ソウ(SAW)

●ソウ(SAW)

監督/原案:
  • ジェームズ・ワン
脚本/原案/出演:
  • リー・ワネル
出演:
  • ケアリー・エルウェズ(『シャドウ・オブ・ヴァンパイア』)
  • ダニー・グローバー(『リーサル・ウェポン』)
  • モニカ・ポッター(『スパイダー』)



気が付くと老朽化した建物の一室に2人はいた。部屋の対角線上に配置され、その足には鎖が。そして部屋の真ん中には一体の死体。死体の傍らにはテープレコーダーと拳銃。2人は各々のポケットに封筒が入っていることに気付く。アダムの封筒には「聞け」と書かれた1本のテープ。ゴードンの封筒にも1本のテープ、そして、鍵がひとつと1発の銃弾が入っていた……。

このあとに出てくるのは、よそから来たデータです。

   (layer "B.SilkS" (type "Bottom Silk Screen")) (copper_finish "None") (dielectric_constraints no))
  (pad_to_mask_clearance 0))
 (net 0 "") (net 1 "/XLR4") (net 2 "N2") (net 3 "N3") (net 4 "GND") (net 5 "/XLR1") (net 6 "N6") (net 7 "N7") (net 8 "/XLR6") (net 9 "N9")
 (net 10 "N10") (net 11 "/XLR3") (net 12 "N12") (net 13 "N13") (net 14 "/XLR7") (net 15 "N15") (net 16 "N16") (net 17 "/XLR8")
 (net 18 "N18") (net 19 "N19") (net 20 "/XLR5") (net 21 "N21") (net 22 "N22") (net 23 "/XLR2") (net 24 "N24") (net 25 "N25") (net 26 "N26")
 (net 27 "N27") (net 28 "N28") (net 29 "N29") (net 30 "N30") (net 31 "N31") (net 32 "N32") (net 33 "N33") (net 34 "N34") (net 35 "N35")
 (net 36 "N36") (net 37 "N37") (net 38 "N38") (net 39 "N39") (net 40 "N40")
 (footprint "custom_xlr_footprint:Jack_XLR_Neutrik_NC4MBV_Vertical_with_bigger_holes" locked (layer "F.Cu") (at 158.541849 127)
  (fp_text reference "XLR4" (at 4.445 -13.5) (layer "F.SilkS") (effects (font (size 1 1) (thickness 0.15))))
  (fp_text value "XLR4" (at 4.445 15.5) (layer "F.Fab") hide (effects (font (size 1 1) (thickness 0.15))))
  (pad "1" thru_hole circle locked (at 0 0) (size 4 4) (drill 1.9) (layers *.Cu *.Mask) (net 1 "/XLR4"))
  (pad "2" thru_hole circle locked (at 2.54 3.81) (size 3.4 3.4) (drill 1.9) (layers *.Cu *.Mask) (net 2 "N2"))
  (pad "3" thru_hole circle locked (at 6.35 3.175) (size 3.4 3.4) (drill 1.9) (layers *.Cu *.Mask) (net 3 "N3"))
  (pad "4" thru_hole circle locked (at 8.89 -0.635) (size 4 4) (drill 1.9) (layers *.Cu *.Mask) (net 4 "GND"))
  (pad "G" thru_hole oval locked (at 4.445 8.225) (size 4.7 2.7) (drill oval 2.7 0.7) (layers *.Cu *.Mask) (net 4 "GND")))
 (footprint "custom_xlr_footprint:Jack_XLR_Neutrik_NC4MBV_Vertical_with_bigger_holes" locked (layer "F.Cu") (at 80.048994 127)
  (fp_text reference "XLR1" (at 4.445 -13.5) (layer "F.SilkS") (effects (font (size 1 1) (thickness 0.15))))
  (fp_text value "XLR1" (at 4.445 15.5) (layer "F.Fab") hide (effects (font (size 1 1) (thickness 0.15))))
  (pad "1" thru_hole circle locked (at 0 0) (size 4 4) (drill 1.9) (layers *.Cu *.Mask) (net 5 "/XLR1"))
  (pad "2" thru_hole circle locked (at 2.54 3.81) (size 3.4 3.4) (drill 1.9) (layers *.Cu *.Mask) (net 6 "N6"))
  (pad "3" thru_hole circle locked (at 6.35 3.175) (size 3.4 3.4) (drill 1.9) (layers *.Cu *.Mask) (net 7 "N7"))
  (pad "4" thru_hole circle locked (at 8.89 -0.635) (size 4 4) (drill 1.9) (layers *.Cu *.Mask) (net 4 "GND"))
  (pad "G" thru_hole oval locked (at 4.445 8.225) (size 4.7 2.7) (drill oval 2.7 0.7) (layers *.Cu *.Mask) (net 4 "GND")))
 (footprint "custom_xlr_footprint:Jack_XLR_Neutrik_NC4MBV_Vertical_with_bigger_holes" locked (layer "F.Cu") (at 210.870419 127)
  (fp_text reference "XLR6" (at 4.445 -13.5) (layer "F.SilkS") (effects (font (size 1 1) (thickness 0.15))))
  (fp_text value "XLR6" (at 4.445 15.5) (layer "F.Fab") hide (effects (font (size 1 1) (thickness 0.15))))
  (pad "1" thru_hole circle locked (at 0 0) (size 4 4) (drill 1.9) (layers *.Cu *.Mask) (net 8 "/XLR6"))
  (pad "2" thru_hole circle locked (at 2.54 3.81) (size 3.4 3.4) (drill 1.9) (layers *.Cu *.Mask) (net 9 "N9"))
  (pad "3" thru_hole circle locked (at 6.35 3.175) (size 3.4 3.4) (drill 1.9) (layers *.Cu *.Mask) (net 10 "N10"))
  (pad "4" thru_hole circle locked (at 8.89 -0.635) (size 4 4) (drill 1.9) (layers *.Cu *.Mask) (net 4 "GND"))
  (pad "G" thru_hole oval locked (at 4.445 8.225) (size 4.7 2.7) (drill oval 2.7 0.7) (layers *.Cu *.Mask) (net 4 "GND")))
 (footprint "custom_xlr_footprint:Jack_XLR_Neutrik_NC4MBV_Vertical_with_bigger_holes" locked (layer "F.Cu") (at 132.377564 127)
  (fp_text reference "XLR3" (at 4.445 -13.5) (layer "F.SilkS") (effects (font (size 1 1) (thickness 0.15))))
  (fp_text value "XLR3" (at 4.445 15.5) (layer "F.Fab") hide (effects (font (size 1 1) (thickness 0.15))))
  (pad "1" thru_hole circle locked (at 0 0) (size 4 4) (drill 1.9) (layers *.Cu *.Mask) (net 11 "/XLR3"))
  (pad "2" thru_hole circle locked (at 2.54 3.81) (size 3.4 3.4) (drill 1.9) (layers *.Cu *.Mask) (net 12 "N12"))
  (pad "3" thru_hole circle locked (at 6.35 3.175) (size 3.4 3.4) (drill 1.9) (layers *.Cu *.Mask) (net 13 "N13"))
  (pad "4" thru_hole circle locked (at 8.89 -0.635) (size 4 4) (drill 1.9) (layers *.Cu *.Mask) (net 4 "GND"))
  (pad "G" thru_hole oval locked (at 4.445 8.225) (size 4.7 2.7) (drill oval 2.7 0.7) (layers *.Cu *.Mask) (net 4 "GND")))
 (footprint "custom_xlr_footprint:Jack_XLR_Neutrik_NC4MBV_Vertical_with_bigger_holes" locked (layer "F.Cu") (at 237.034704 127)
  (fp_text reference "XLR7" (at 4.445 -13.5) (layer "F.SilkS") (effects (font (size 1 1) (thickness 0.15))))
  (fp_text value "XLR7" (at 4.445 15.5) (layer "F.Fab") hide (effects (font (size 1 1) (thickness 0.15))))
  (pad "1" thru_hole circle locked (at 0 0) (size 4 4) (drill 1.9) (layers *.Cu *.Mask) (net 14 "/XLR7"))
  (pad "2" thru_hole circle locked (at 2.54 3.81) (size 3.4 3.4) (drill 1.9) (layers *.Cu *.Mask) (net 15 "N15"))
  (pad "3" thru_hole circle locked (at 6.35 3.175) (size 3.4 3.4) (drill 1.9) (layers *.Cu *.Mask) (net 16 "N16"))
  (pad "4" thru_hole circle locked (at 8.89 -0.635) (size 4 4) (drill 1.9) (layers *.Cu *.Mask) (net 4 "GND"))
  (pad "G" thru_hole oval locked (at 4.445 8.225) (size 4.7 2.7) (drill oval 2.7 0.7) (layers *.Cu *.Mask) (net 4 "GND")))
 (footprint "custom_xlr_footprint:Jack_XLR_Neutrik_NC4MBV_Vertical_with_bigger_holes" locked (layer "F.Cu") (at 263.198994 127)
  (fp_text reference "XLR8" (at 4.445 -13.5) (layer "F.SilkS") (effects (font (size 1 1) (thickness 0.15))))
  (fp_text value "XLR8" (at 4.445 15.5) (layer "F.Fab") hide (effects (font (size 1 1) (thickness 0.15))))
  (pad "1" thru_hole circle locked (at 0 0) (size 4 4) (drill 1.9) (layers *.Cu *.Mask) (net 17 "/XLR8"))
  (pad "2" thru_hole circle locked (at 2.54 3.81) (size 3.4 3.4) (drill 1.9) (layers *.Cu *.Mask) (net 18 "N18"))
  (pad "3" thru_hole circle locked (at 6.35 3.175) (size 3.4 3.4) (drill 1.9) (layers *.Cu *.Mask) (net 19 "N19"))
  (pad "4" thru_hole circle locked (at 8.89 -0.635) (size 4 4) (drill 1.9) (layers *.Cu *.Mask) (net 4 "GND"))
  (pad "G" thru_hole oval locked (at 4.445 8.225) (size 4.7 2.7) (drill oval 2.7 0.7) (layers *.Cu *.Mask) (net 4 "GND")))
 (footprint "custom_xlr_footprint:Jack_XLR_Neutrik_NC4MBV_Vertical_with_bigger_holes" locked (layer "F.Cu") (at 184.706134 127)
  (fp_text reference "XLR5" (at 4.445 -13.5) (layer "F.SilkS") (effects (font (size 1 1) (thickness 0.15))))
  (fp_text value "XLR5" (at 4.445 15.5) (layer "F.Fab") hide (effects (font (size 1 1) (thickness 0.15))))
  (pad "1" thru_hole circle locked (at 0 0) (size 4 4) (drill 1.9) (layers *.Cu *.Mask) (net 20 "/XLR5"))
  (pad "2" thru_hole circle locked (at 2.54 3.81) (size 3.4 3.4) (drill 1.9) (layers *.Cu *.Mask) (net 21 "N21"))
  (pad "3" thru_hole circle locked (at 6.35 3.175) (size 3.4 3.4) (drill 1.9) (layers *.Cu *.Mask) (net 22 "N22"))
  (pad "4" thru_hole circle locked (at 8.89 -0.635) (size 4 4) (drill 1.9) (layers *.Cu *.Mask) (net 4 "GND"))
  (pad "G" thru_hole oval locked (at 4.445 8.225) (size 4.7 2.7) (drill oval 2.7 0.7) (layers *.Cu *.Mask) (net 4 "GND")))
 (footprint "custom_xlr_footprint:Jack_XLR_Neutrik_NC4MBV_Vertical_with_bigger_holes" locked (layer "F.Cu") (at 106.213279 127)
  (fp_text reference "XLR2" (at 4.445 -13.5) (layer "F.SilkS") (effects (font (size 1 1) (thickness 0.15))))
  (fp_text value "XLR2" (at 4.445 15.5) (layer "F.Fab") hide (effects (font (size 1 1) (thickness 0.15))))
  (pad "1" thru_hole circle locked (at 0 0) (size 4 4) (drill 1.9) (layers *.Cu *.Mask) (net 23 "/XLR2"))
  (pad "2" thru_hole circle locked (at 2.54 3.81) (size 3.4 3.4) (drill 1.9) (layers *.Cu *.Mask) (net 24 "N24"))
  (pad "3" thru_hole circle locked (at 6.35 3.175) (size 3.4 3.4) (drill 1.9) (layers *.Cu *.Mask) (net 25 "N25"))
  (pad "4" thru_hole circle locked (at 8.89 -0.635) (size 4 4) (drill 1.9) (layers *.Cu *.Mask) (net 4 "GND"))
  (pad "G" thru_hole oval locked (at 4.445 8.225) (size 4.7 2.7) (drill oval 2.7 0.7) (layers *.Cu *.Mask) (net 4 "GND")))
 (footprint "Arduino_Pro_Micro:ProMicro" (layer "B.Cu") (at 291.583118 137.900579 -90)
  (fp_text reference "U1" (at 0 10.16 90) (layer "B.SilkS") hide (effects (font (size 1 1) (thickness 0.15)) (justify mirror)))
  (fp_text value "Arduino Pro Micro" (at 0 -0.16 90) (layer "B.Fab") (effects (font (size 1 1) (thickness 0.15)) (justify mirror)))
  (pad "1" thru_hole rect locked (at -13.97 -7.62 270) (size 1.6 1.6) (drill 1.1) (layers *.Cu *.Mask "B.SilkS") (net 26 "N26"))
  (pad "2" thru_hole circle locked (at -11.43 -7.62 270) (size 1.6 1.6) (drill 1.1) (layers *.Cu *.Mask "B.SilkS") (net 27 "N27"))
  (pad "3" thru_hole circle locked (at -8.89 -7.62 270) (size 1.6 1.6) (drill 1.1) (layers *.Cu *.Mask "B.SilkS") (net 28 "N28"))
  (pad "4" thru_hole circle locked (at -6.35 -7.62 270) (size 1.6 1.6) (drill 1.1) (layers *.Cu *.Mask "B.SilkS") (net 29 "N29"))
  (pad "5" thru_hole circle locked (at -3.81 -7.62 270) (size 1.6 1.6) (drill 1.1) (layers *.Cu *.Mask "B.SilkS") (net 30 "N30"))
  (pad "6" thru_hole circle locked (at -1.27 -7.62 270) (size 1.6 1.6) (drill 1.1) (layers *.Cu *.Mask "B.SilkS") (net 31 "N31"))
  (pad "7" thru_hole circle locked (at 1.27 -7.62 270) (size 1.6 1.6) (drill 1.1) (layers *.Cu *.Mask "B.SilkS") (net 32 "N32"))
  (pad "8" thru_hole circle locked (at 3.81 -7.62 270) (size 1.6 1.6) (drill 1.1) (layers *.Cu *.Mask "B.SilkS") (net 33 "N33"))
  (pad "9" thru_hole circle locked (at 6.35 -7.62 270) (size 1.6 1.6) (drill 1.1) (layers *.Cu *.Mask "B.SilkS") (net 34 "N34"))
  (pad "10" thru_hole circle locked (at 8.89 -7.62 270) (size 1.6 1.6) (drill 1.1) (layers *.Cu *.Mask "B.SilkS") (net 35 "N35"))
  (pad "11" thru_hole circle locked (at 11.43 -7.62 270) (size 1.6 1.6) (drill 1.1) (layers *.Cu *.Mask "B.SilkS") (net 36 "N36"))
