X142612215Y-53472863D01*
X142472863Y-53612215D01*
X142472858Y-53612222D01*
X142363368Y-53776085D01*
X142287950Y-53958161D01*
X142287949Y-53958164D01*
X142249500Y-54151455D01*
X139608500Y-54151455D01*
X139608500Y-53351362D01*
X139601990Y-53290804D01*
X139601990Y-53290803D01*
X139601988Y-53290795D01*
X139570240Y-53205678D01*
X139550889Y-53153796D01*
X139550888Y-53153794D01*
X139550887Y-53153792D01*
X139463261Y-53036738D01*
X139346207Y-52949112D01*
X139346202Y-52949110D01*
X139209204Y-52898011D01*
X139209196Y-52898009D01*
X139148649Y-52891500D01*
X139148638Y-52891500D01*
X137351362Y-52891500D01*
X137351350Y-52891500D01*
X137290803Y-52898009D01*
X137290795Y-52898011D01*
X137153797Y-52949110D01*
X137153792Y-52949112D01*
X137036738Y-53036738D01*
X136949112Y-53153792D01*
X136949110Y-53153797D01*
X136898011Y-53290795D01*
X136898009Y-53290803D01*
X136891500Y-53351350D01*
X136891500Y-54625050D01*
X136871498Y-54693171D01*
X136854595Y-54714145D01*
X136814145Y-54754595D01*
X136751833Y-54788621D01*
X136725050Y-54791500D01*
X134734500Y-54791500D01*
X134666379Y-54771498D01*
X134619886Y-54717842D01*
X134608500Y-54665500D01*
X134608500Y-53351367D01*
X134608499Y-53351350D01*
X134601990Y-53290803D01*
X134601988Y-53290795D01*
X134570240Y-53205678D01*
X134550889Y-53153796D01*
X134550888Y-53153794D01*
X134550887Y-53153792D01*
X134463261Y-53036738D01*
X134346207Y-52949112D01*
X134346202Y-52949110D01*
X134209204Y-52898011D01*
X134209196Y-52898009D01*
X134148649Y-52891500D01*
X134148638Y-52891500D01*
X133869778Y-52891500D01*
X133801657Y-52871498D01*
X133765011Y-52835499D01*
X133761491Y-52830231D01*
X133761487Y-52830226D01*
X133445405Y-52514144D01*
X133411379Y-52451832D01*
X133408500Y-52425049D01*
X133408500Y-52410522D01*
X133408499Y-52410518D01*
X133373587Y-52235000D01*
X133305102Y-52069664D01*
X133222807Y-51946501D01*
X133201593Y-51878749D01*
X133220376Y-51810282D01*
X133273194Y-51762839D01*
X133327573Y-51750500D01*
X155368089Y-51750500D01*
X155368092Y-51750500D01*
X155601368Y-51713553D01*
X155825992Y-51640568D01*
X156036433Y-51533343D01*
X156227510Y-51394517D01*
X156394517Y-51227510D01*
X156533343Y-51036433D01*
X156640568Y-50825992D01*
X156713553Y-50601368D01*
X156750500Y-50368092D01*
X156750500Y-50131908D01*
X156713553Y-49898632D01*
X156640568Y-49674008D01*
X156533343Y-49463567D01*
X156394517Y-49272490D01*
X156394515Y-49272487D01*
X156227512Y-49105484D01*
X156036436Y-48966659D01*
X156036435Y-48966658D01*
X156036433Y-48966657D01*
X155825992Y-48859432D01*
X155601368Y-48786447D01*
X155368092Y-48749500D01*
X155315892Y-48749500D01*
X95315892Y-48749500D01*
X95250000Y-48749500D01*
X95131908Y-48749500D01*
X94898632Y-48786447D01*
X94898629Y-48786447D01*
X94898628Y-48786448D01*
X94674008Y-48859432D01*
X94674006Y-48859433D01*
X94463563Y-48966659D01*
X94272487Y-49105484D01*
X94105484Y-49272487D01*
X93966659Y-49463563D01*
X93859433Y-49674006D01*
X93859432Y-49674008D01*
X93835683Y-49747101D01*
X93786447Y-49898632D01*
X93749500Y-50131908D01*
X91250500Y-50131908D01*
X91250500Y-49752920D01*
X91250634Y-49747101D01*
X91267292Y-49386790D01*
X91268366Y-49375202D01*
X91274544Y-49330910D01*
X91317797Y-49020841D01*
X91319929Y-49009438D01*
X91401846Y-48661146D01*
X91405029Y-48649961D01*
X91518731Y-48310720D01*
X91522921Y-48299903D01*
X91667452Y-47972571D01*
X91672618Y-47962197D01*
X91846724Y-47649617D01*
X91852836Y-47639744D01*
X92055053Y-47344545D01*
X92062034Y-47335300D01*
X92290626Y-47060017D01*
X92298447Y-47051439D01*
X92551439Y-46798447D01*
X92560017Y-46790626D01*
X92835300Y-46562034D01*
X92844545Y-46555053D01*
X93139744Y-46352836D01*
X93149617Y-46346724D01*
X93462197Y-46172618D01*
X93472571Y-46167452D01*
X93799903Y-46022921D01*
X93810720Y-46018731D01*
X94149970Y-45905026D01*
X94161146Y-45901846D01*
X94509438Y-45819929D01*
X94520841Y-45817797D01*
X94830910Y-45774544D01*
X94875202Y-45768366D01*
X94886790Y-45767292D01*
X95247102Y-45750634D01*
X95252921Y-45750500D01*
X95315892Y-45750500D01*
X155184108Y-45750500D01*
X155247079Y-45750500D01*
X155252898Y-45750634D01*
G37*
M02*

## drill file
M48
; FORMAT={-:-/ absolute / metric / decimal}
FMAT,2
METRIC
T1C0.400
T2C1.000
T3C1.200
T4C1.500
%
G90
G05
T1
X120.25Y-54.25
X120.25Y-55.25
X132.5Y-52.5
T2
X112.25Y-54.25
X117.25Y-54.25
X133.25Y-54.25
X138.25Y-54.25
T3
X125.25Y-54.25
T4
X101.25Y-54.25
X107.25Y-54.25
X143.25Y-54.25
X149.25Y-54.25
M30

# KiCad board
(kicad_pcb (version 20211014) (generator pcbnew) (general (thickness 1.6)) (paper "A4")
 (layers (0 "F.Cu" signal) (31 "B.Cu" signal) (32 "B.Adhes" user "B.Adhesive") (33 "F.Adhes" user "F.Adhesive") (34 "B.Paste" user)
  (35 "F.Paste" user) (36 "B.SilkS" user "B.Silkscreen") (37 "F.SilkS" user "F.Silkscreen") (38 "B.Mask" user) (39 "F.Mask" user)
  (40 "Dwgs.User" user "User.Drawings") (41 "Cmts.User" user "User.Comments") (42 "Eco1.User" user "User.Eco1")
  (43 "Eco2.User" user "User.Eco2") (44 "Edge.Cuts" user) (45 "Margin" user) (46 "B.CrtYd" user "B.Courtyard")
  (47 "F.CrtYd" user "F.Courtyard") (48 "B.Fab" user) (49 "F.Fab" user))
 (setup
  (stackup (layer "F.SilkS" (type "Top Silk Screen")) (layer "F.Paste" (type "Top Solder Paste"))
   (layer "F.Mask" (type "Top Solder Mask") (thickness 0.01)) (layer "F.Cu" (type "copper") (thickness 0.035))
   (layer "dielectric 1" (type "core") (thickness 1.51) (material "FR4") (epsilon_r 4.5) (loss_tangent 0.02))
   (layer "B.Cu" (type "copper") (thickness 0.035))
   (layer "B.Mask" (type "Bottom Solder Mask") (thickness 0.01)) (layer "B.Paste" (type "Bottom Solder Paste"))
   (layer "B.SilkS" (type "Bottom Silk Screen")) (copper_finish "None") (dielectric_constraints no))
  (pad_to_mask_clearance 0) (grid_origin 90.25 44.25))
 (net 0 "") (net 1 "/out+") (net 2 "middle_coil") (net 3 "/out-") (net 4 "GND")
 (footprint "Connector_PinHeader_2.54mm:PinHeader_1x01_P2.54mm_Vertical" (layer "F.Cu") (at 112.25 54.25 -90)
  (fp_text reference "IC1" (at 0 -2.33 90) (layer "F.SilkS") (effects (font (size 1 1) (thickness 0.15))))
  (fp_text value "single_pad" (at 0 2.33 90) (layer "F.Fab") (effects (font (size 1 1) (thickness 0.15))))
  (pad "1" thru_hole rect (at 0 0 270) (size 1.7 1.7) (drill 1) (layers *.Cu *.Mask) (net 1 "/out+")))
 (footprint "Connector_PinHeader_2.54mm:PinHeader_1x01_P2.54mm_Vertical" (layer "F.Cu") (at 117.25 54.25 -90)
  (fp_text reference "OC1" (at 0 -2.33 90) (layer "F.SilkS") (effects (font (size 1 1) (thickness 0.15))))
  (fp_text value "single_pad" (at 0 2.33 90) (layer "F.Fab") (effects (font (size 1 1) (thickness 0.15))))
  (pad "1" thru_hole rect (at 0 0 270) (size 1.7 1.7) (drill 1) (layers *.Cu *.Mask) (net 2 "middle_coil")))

うむむむ、どうにも稚拙なテクニックに走って切り込み方が甘いって感じ。

まず、囚われの1人=アダムの演技が安いなぁというのが第一印象。次が、画面に締まりが無いなぁという印象。気になったので映画鑑賞後に即パンフを読み読み……なるほど、本作は監督とアダム役の2人が映画会社に持ち込んだ企画か。2人は「アーティーな映画学校に通っていた」とのことで納得。これはその手の学生映画の自己完結性だわ。



冒頭、アダムとゴードンの2人が閉じ込められた一室の映像は手持ちカメラの揺れる映像ですが、ここからして失敗と言わざるをえない。ライブ感=手持ちカメラ映像という錯誤。まずは安定した映像で緊迫感を高めて、観ているこっちの胃をキリキリさせてくれなきゃ駄目でしょ。そもそもライブカメラ映像とは、その場に"カメラマン"という第三者を感じさせてしまうんですから。

その後、密室の圧迫感で観ている人間の精神をも追い込んでくれるかと思いきや、ゴードンの回想という形で部屋の外のエピソードが繰り広げられてガッカリ。しかも、ゴードンの回想なのにゴードンが又聞きしたであろう他の事件現場の映像も並列に扱われる始末。それはもはや回想じゃないでしょ。

だったら、謎の一室で顔を見合わせたアダムとゴードンの2人を描写した後は「○週間前」とかいって、すっぱりと時間を遡ってしまえばいいのに。様々なことがあった先にあの部屋に帰結し直せば、室内の緊迫感は持続するんですから。

ゴードンの妻娘が事件に巻き込まれる姿も画面に出さずにゴードンの手にある携帯電話から聞こえる声だけの方が良かった。刑事のエピソードと共に視点がアッチコッチに行ってしまい全体が散漫。また、一部カット(椅子の回り込みやカーチェイス等)をコマ落としでチャカチャカ動かすところが目障り。上記した「稚拙なテクニック」の最たる部分ですな。



まあ観ればバレバレのこととして最後に現れる真犯人がいるわけですが、かなりの無理があります。「エンディングを数種類撮るハリウッドの中にあって我々は別のエンディングを撮る必要がなかった」と監督自身は誇らしげに謳ってますが、そんな問題じゃないだろってば。逆に別のエンディングを撮ってくれてた方が良かったわ。

期待外れ。
観るなら視聴レベルを浅くして臨んで下さい。